Obtaining primary amines from nitriles requires ammonia presence (or other organic base), not acetic acid; Additionally raney nickel requires really high pressure, over 30atm, not just baloon.. Did You received anything beside starting material here?
This is a crazy synthesis! Great respect for the chemists who developed these methods, they are very impressive. The design and scaffolding work that went into this is just breathtaking and very admirable. Thank you for posting!
While reading about the topic, I found that the preparation of these biased opioids has been a matter of controversy. It remains uncertain whether they genuinely enhance therapeutic effects while mitigating undesirable side effects. Nevertheless, substantial research is needed in this domain, and I also hope that a viable solution to this problem will eventually emerge.
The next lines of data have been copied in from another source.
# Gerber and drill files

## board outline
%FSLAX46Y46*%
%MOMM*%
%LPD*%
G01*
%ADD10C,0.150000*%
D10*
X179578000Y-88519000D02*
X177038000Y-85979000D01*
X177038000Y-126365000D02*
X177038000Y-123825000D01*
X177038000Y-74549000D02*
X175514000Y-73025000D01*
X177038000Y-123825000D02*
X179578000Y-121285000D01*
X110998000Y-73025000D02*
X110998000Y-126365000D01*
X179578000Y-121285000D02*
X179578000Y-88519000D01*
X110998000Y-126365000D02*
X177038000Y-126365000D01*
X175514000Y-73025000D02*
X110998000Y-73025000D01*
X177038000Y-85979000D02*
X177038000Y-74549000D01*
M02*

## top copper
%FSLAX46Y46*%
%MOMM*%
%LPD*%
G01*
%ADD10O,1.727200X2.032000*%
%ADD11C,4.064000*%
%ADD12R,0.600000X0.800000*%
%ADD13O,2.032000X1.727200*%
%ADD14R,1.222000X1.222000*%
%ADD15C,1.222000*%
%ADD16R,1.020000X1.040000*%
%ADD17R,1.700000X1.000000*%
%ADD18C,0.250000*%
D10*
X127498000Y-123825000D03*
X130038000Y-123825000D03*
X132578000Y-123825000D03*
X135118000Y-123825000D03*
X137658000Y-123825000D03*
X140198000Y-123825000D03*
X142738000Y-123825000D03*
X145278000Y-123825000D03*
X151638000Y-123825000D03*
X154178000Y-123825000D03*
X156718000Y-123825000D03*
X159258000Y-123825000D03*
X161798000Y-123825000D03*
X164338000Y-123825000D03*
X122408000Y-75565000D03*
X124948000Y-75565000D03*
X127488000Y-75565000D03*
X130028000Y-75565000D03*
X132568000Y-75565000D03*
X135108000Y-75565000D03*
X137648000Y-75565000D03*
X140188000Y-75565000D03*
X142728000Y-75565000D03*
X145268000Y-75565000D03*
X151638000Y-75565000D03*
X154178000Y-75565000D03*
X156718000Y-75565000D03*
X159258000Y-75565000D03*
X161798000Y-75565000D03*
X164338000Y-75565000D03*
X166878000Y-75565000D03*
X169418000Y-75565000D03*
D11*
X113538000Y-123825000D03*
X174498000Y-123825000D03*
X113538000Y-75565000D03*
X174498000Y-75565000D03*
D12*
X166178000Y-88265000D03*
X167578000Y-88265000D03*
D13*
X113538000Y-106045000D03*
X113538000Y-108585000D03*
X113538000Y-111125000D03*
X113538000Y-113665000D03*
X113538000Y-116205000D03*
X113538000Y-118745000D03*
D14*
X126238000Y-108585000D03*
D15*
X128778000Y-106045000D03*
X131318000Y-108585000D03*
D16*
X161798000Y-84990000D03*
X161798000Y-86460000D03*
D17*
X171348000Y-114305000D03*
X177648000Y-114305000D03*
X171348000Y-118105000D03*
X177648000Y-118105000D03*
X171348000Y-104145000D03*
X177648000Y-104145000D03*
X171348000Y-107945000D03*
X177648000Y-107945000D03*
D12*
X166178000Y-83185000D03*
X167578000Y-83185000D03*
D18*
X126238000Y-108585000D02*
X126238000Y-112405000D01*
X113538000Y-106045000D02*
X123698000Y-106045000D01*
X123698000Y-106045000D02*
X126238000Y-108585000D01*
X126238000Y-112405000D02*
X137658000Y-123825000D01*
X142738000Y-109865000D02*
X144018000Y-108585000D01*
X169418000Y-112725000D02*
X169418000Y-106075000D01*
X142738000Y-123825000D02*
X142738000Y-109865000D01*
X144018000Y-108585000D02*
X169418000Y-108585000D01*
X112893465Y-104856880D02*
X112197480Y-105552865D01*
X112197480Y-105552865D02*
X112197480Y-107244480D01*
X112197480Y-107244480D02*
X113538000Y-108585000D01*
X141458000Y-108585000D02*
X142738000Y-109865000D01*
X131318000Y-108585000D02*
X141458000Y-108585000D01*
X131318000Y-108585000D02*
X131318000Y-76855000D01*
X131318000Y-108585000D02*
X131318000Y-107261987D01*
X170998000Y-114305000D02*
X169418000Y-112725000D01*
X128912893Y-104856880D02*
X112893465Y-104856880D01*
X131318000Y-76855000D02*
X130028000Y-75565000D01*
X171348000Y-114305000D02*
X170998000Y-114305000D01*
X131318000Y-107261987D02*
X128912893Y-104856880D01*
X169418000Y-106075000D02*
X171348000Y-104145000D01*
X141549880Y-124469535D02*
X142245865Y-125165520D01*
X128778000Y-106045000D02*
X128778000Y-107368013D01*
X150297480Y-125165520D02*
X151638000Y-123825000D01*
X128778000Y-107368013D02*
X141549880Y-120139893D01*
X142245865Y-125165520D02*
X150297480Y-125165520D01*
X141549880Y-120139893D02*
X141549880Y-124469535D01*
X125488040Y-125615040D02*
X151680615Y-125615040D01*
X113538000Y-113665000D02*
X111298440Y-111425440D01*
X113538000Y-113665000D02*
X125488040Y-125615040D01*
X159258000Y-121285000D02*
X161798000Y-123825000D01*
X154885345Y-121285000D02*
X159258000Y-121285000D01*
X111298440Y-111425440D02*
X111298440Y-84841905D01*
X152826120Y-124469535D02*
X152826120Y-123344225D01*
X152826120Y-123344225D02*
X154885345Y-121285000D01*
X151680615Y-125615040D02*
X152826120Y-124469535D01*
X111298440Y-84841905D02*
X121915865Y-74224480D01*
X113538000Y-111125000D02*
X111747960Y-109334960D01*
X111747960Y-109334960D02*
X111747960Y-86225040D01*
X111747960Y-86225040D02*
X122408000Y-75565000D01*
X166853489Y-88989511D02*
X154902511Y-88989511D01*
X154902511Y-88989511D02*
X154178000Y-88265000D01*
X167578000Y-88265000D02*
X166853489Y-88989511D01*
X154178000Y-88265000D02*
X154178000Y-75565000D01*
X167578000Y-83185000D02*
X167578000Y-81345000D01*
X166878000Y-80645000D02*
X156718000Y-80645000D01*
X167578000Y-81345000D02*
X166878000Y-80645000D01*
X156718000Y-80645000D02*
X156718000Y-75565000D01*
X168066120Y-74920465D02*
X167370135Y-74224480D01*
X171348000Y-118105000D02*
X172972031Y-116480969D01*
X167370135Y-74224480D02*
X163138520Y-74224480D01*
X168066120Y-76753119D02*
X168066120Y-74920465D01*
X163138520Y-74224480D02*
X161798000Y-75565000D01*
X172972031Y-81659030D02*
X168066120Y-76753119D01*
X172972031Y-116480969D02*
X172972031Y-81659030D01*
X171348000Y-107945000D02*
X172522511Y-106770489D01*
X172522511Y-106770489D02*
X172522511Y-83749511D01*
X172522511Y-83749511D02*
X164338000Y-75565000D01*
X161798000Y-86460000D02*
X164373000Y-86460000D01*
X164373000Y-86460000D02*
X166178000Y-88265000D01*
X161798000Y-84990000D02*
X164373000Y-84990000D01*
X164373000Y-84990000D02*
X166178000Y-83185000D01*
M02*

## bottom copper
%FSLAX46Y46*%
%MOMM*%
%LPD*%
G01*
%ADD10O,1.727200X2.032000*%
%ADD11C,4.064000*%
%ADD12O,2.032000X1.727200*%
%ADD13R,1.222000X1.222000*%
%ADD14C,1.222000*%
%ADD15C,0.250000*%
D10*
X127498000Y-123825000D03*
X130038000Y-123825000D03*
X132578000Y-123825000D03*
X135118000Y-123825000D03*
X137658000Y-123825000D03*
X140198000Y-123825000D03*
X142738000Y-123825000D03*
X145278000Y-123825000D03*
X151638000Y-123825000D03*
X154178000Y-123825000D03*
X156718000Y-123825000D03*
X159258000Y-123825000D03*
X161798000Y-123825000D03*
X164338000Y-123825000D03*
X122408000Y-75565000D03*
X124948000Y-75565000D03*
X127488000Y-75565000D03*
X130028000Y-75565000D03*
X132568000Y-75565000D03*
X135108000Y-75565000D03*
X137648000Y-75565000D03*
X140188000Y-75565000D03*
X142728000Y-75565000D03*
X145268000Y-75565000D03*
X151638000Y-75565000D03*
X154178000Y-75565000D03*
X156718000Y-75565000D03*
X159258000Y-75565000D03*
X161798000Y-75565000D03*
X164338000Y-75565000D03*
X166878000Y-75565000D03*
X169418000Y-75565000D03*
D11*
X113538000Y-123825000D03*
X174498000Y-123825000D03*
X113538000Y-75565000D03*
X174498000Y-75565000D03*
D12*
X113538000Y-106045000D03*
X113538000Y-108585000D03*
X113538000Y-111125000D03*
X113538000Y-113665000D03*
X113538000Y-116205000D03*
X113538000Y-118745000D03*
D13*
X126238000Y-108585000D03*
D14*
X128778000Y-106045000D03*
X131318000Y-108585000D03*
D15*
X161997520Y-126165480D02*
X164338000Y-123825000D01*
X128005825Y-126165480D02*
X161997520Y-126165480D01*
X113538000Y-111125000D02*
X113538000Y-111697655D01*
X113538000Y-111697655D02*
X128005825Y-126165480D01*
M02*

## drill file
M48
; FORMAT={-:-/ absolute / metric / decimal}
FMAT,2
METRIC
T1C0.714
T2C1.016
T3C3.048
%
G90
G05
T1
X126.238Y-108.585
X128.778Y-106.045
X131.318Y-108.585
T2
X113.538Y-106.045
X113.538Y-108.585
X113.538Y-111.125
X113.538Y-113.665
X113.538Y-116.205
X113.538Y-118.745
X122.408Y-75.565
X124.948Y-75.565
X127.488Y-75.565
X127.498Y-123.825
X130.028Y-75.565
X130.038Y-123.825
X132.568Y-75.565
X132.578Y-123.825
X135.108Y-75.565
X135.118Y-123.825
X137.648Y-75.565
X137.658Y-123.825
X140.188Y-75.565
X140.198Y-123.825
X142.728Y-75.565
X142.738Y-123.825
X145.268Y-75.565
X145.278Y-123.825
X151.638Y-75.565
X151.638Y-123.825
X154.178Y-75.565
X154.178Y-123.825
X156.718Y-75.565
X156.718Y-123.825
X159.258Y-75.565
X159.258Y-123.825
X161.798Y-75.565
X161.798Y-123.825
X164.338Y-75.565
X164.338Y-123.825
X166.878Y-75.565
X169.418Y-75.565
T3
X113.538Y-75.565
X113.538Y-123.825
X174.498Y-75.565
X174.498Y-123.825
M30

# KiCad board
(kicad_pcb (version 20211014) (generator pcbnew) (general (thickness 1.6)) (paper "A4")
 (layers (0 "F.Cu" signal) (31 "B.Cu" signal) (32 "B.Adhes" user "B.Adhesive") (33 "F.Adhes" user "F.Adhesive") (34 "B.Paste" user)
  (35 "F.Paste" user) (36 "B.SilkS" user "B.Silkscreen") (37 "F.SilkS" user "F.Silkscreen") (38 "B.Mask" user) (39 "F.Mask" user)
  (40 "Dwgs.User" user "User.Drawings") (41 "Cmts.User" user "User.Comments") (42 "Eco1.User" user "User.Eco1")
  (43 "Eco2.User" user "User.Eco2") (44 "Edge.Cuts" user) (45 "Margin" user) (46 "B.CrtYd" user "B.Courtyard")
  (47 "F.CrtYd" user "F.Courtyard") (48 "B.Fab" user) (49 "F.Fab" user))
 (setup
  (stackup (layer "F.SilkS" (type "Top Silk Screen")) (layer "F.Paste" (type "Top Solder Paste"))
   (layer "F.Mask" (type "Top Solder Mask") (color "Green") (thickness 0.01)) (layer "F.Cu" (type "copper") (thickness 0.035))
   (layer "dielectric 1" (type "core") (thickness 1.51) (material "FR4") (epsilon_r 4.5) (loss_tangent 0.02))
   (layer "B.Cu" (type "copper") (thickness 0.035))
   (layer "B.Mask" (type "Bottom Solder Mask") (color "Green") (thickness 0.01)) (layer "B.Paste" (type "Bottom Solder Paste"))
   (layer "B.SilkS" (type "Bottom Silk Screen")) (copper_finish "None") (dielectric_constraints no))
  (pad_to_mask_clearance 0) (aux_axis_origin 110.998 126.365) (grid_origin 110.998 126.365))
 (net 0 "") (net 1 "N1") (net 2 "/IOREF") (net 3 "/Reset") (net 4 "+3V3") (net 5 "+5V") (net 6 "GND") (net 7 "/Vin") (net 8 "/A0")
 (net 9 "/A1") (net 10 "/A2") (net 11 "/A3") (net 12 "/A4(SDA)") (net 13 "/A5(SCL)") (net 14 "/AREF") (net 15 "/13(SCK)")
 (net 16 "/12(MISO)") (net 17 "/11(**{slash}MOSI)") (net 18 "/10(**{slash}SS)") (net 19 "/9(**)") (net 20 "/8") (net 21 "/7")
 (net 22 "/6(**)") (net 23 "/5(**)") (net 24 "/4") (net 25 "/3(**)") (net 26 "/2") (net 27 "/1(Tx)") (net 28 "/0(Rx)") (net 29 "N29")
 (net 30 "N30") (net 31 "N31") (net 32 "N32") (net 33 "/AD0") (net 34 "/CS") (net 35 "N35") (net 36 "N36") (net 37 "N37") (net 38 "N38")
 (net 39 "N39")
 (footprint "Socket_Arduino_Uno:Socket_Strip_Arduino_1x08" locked (layer "F.Cu") (at 127.498 123.825)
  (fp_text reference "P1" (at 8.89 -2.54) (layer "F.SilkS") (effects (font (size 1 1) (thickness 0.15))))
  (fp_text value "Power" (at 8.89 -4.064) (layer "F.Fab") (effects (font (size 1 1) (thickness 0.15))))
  (pad "1" thru_hole oval locked (at 0 0) (size 1.7272 2.032) (drill 1.016) (layers *.Cu *.Mask "F.SilkS") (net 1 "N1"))
  (pad "2" thru_hole oval locked (at 2.54 0) (size 1.7272 2.032) (drill 1.016) (layers *.Cu *.Mask "F.SilkS") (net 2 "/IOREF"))
  (pad "3" thru_hole oval locked (at 5.08 0) (size 1.7272 2.032) (drill 1.016) (layers *.Cu *.Mask "F.SilkS") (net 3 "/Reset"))
  (pad "4" thru_hole oval locked (at 7.62 0) (size 1.7272 2.032) (drill 1.016) (layers *.Cu *.Mask "F.SilkS") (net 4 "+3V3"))
  (pad "5" thru_hole oval locked (at 10.16 0) (size 1.7272 2.032) (drill 1.016) (layers *.Cu *.Mask "F.SilkS") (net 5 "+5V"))
  (pad "6" thru_hole oval locked (at 12.7 0) (size 1.7272 2.032) (drill 1.016) (layers *.Cu *.Mask "F.SilkS") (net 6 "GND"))
  (pad "7" thru_hole oval locked (at 15.24 0) (size 1.7272 2.032) (drill 1.016) (layers *.Cu *.Mask "F.SilkS") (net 6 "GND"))
  (pad "8" thru_hole oval locked (at 17.78 0) (size 1.7272 2.032) (drill 1.016) (layers *.Cu *.Mask "F.SilkS") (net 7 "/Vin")))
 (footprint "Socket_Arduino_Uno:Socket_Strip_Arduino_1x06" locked (layer "F.Cu") (at 151.638 123.825)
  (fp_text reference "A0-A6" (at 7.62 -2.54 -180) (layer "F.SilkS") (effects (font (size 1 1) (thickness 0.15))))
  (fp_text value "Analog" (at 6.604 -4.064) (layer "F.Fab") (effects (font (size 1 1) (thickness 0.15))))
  (pad "1" thru_hole oval locked (at 0 0) (size 1.7272 2.032) (drill 1.016) (layers *.Cu *.Mask "F.SilkS") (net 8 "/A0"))
  (pad "2" thru_hole oval locked (at 2.54 0) (size 1.7272 2.032) (drill 1.016) (layers *.Cu *.Mask "F.SilkS") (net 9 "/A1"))
  (pad "3" thru_hole oval locked (at 5.08 0) (size 1.7272 2.032) (drill 1.016) (layers *.Cu *.Mask "F.SilkS") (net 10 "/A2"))
  (pad "4" thru_hole oval locked (at 7.62 0) (size 1.7272 2.032) (drill 1.016) (layers *.Cu *.Mask "F.SilkS") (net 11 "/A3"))
  (pad "5" thru_hole oval locked (at 10.16 0) (size 1.7272 2.032) (drill 1.016) (layers *.Cu *.Mask "F.SilkS") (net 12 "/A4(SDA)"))
  (pad "6" thru_hole oval locked (at 12.7 0) (size 1.7272 2.032) (drill 1.016) (layers *.Cu *.Mask "F.SilkS") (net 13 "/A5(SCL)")))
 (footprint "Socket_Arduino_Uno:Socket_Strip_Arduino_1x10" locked (layer "F.Cu") (at 122.408 75.565)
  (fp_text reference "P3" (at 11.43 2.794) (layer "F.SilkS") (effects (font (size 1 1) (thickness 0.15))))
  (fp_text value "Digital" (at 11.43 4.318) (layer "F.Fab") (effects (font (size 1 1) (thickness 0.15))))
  (pad "1" thru_hole oval locked (at 0 0) (size 1.7272 2.032) (drill 1.016) (layers *.Cu *.Mask "F.SilkS") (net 13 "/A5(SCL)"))
  (pad "2" thru_hole oval locked (at 2.54 0) (size 1.7272 2.032) (drill 1.016) (layers *.Cu *.Mask "F.SilkS") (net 12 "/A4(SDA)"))
  (pad "3" thru_hole oval locked (at 5.08 0) (size 1.7272 2.032) (drill 1.016) (layers *.Cu *.Mask "F.SilkS") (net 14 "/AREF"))
  (pad "4" thru_hole oval locked (at 7.62 0) (size 1.7272 2.032) (drill 1.016) (layers *.Cu *.Mask "F.SilkS") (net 6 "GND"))
  (pad "5" thru_hole oval locked (at 10.16 0) (size 1.7272 2.032) (drill 1.016) (layers *.Cu *.Mask "F.SilkS") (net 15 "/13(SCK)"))
  (pad "6" thru_hole oval locked (at 12.7 0) (size 1.7272 2.032) (drill 1.016) (layers *.Cu *.Mask "F.SilkS") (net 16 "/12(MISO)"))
Hi. The reaction conditions are available in the SI of the reference paper. I see now that the acidic proton of the terminal alkyne may be problematic; however the reagent is commercially available. To ethynylmagnesium bromide (200 mL, 0.50 M in THF, 2.00 equiv.) in THF was added CuCl (2.48 g, 25.0 mmol, 0.500 equiv.). The mixture was stirred for 15 min under argon before substrate (8.74 g, 50.0 mmol, 1.00 equiv.) in THF (25 mL) was added. The reaction was stirred at 50 °C for 6 h until it was quenched with saturated NH4Cl (50 mL) and H2O (200 mL).
Thank you always for the great videos all the way from Japan! Can you tell me why the secondary alcohol dont go through appel reaction in the second step?